[Start of Attachment]

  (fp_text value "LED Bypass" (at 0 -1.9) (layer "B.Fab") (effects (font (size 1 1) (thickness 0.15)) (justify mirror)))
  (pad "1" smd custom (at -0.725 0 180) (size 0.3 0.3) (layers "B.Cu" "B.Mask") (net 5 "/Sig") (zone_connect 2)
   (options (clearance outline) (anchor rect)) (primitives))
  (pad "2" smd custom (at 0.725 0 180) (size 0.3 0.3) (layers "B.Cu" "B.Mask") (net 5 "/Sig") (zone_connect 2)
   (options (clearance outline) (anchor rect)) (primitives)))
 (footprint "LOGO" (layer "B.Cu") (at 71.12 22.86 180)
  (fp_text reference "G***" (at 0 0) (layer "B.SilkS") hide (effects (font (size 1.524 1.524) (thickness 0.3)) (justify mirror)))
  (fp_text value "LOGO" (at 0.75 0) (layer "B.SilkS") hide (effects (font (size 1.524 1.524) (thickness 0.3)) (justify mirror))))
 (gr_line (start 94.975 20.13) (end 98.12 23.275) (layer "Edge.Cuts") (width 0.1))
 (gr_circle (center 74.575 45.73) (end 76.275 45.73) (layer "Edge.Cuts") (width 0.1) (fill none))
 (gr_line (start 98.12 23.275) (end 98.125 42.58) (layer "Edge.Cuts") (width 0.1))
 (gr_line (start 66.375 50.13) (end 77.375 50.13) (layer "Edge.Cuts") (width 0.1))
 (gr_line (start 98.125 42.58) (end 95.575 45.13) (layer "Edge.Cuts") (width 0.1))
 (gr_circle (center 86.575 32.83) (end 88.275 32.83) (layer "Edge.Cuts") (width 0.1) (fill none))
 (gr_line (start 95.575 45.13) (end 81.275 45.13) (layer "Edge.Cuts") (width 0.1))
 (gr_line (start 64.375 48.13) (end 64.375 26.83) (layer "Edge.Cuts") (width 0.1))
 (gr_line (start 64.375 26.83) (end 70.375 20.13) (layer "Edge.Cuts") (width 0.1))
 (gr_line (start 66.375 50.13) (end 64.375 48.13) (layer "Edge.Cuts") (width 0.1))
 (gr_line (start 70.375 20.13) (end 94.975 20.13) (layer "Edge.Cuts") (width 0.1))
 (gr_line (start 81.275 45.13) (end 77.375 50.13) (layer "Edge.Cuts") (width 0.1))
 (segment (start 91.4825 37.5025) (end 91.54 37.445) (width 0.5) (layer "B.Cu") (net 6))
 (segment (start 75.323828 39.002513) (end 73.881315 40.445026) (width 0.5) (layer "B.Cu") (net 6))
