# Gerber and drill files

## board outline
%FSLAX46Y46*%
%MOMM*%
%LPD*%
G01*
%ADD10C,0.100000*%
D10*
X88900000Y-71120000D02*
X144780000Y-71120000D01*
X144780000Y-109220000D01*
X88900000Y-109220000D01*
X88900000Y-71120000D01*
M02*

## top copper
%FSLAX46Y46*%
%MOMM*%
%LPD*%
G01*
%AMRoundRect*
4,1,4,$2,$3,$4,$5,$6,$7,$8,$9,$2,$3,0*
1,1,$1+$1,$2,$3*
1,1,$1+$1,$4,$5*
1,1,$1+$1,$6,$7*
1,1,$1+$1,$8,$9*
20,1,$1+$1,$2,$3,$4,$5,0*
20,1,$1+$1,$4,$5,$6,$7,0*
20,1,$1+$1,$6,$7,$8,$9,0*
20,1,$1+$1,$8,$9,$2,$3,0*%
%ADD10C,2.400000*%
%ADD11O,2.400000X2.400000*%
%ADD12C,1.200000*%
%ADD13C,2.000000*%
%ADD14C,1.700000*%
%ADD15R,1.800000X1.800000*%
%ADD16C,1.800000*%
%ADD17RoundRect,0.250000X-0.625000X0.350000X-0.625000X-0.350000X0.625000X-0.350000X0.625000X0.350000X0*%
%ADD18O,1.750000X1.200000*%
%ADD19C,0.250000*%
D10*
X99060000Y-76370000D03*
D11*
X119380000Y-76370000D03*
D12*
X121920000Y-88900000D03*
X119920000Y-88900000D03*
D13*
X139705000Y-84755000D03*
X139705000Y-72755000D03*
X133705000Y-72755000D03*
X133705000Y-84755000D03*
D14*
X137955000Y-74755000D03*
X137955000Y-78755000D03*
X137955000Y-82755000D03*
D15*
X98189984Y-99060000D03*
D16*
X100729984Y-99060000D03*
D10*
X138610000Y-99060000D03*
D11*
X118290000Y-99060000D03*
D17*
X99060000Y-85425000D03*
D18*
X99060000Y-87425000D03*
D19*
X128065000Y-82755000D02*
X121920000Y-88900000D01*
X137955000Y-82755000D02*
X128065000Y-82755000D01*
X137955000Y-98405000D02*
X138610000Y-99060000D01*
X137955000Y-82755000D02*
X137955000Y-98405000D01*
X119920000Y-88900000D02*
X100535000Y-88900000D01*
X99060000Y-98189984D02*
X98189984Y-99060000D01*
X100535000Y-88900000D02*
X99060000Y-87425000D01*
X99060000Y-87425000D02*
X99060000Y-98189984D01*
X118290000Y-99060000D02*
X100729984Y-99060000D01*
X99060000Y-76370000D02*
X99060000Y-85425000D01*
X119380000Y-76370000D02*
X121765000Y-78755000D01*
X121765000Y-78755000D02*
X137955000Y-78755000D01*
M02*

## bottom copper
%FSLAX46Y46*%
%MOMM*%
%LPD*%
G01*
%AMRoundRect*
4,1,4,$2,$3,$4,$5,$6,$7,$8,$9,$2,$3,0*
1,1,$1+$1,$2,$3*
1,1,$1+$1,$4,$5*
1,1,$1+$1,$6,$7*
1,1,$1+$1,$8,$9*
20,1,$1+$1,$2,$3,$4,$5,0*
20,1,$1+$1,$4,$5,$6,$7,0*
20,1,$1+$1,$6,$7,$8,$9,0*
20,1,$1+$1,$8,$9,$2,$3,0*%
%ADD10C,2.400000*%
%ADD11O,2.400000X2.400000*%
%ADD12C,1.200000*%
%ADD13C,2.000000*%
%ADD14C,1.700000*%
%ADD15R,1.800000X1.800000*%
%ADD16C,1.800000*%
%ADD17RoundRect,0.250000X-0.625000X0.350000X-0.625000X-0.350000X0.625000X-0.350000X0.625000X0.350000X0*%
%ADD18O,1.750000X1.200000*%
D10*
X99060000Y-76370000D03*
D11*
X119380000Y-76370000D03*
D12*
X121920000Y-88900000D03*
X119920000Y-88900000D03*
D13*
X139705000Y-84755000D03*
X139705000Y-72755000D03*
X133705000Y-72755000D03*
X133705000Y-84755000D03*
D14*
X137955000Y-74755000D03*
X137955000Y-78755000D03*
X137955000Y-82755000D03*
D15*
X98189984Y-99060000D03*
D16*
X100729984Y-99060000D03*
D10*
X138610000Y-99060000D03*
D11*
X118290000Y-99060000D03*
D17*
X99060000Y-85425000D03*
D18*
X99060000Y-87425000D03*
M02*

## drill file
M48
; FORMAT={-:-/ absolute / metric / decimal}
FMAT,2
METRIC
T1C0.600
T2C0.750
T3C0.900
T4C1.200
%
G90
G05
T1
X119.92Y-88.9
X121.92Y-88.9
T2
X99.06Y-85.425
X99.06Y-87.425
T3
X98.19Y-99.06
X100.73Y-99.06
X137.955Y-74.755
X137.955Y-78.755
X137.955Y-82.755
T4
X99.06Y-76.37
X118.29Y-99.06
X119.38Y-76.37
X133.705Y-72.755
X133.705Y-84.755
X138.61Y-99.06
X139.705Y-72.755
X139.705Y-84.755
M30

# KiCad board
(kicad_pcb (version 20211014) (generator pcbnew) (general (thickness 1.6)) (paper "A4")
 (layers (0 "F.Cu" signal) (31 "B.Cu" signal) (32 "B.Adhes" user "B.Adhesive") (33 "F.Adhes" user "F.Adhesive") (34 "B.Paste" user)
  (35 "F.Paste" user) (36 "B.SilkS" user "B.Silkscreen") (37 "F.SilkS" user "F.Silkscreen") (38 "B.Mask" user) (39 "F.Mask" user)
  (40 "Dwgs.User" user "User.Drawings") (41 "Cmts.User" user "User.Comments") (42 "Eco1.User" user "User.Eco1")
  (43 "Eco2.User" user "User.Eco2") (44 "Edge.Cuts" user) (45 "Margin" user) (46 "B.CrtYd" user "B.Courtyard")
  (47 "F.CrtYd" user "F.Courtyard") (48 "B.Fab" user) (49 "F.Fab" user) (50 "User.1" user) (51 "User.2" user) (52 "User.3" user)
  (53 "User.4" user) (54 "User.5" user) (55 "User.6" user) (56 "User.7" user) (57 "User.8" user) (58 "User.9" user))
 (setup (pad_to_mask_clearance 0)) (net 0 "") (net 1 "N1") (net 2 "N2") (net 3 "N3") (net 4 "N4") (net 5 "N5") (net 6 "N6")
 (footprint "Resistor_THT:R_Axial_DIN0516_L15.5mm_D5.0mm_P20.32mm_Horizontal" (layer "F.Cu") (at 99.06 76.37)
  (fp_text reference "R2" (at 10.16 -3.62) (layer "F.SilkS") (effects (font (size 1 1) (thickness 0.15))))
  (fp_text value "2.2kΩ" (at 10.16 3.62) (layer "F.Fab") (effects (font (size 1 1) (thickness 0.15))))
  (pad "1" thru_hole circle (at 0 0) (size 2.4 2.4) (drill 1.2) (layers *.Cu *.Mask) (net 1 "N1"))
  (pad "2" thru_hole oval (at 20.32 0) (size 2.4 2.4) (drill 1.2) (layers *.Cu *.Mask) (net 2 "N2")))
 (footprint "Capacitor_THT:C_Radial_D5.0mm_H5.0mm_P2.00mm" (layer "F.Cu") (at 121.92 88.9 180)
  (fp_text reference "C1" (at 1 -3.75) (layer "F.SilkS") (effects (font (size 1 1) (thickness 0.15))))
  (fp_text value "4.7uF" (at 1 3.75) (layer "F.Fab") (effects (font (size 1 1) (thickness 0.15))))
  (pad "1" thru_hole circle (at 0 0 180) (size 1.2 1.2) (drill 0.6) (layers *.Cu *.Mask) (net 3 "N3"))
  (pad "2" thru_hole circle (at 2 0 180) (size 1.2 1.2) (drill 0.6) (layers *.Cu *.Mask) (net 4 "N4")))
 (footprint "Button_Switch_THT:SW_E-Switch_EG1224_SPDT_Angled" (layer "F.Cu") (at 137.955 74.755 -90)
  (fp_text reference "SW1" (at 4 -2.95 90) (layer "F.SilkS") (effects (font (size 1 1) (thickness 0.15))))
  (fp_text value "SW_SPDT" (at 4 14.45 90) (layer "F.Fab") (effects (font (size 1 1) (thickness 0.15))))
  (pad "" thru_hole circle (at 10 -1.75 270) (size 2 2) (drill 1.2) (layers *.Cu *.Mask))
  (pad "" thru_hole circle (at -2 -1.75 270) (size 2 2) (drill 1.2) (layers *.Cu *.Mask))
  (pad "" thru_hole circle (at -2 4.25 270) (size 2 2) (drill 1.2) (layers *.Cu *.Mask))
  (pad "" thru_hole circle (at 10 4.25 270) (size 2 2) (drill 1.2) (layers *.Cu *.Mask))
  (pad "1" thru_hole circle (at 0 0 270) (size 1.7 1.7) (drill 0.9) (layers *.Cu *.Mask) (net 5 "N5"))
  (pad "2" thru_hole circle (at 4 0 270) (size 1.7 1.7) (drill 0.9) (layers *.Cu *.Mask) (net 2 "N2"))
  (pad "3" thru_hole circle (at 8 0 270) (size 1.7 1.7) (drill 0.9) (layers *.Cu *.Mask) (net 3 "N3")))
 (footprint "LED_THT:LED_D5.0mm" (layer "F.Cu") (at 98.189984 99.06)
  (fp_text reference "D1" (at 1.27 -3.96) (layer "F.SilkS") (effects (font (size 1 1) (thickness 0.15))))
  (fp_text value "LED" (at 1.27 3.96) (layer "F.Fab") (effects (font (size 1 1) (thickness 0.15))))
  (pad "1" thru_hole rect (at 0 0) (size 1.8 1.8) (drill 0.9) (layers *.Cu *.Mask) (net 4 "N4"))
  (pad "2" thru_hole circle (at 2.54 0) (size 1.8 1.8) (drill 0.9) (layers *.Cu *.Mask) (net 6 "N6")))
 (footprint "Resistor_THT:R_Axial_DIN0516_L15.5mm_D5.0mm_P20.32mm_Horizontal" (layer "F.Cu") (at 138.61 99.06 180)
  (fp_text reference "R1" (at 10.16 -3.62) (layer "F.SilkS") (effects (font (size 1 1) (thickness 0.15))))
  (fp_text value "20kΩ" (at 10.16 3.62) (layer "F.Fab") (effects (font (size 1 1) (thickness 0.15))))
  (pad "1" thru_hole circle (at 0 0 180) (size 2.4 2.4) (drill 1.2) (layers *.Cu *.Mask) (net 3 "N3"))
  (pad "2" thru_hole oval (at 20.32 0 180) (size 2.4 2.4) (drill 1.2) (layers *.Cu *.Mask) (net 6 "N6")))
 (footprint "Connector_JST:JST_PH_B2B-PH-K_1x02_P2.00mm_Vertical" (layer "F.Cu") (at 99.06 85.425 -90)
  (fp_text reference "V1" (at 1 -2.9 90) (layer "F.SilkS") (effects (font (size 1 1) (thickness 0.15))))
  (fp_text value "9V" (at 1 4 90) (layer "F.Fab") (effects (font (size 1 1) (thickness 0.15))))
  (pad "1" thru_hole roundrect (at 0 0 270) (size 1.2 1.75) (drill 0.75) (layers *.Cu *.Mask) (roundrect_rratio 0.208333) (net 1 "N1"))
  (pad "2" thru_hole oval (at 2 0 270) (size 1.2 1.75) (drill 0.75) (layers *.Cu *.Mask) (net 4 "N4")))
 (gr_rect (start 144.78 109.22) (end 88.9 71.12) (layer "Edge.Cuts") (width 0.1) (fill none))
 (segment (start 128.065 82.755) (end 121.92 88.9) (width 0.25) (layer "F.Cu") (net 3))
 (segment (start 137.955 82.755) (end 128.065 82.755) (width 0.25) (layer "F.Cu") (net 3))
 (segment (start 137.955 98.405) (end 138.61 99.06) (width 0.25) (layer "F.Cu") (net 3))
 (segment (start 137.955 82.755) (end 137.955 98.405) (width 0.25) (layer "F.Cu") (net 3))
 (segment (start 119.92 88.9) (end 100.535 88.9) (width 0.25) (layer "F.Cu") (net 4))
 (segment (start 99.06 98.189984) (end 98.189984 99.06) (width 0.25) (layer "F.Cu") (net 4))
 (segment (start 100.535 88.9) (end 99.06 87.425) (width 0.25) (layer "F.Cu") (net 4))
 (segment (start 99.06 87.425) (end 99.06 98.189984) (width 0.25) (layer "F.Cu") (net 4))
 (segment (start 118.29 99.06) (end 100.729984 99.06) (width 0.25) (layer "F.Cu") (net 6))
 (segment (start 99.06 76.37) (end 99.06 85.425) (width 0.25) (layer "F.Cu") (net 1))
 (segment (start 119.38 76.37) (end 121.765 78.755) (width 0.25) (layer "F.Cu") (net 2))
 (segment (start 121.765 78.755) (end 137.955 78.755) (width 0.25) (layer "F.Cu") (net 2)))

[End of Attachment]

**Task to complete**
Each line from the start of the records through the line holding "0 0) (layer" must be returned exactly; nothing else belongs in the answer.

**The completed task**
  (fp_text value "LED Bypass" (at 0 -1.9) (layer "B.Fab") (effects (font (size 1 1) (thickness 0.15)) (justify mirror)))
  (pad "1" smd custom (at -0.725 0 180) (size 0.3 0.3) (layers "B.Cu" "B.Mask") (net 5 "/Sig") (zone_connect 2)
   (options (clearance outline) (anchor rect)) (primitives))
  (pad "2" smd custom (at 0.725 0 180) (size 0.3 0.3) (layers "B.Cu" "B.Mask") (net 5 "/Sig") (zone_connect 2)
   (options (clearance outline) (anchor rect)) (primitives)))
 (footprint "LOGO" (layer "B.Cu") (at 71.12 22.86 180)
  (fp_text reference "G***" (at 0 0) (layer "B.SilkS") hide (effects (font (size 1.524 1.524) (thickness 0.3)) (justify mirror)))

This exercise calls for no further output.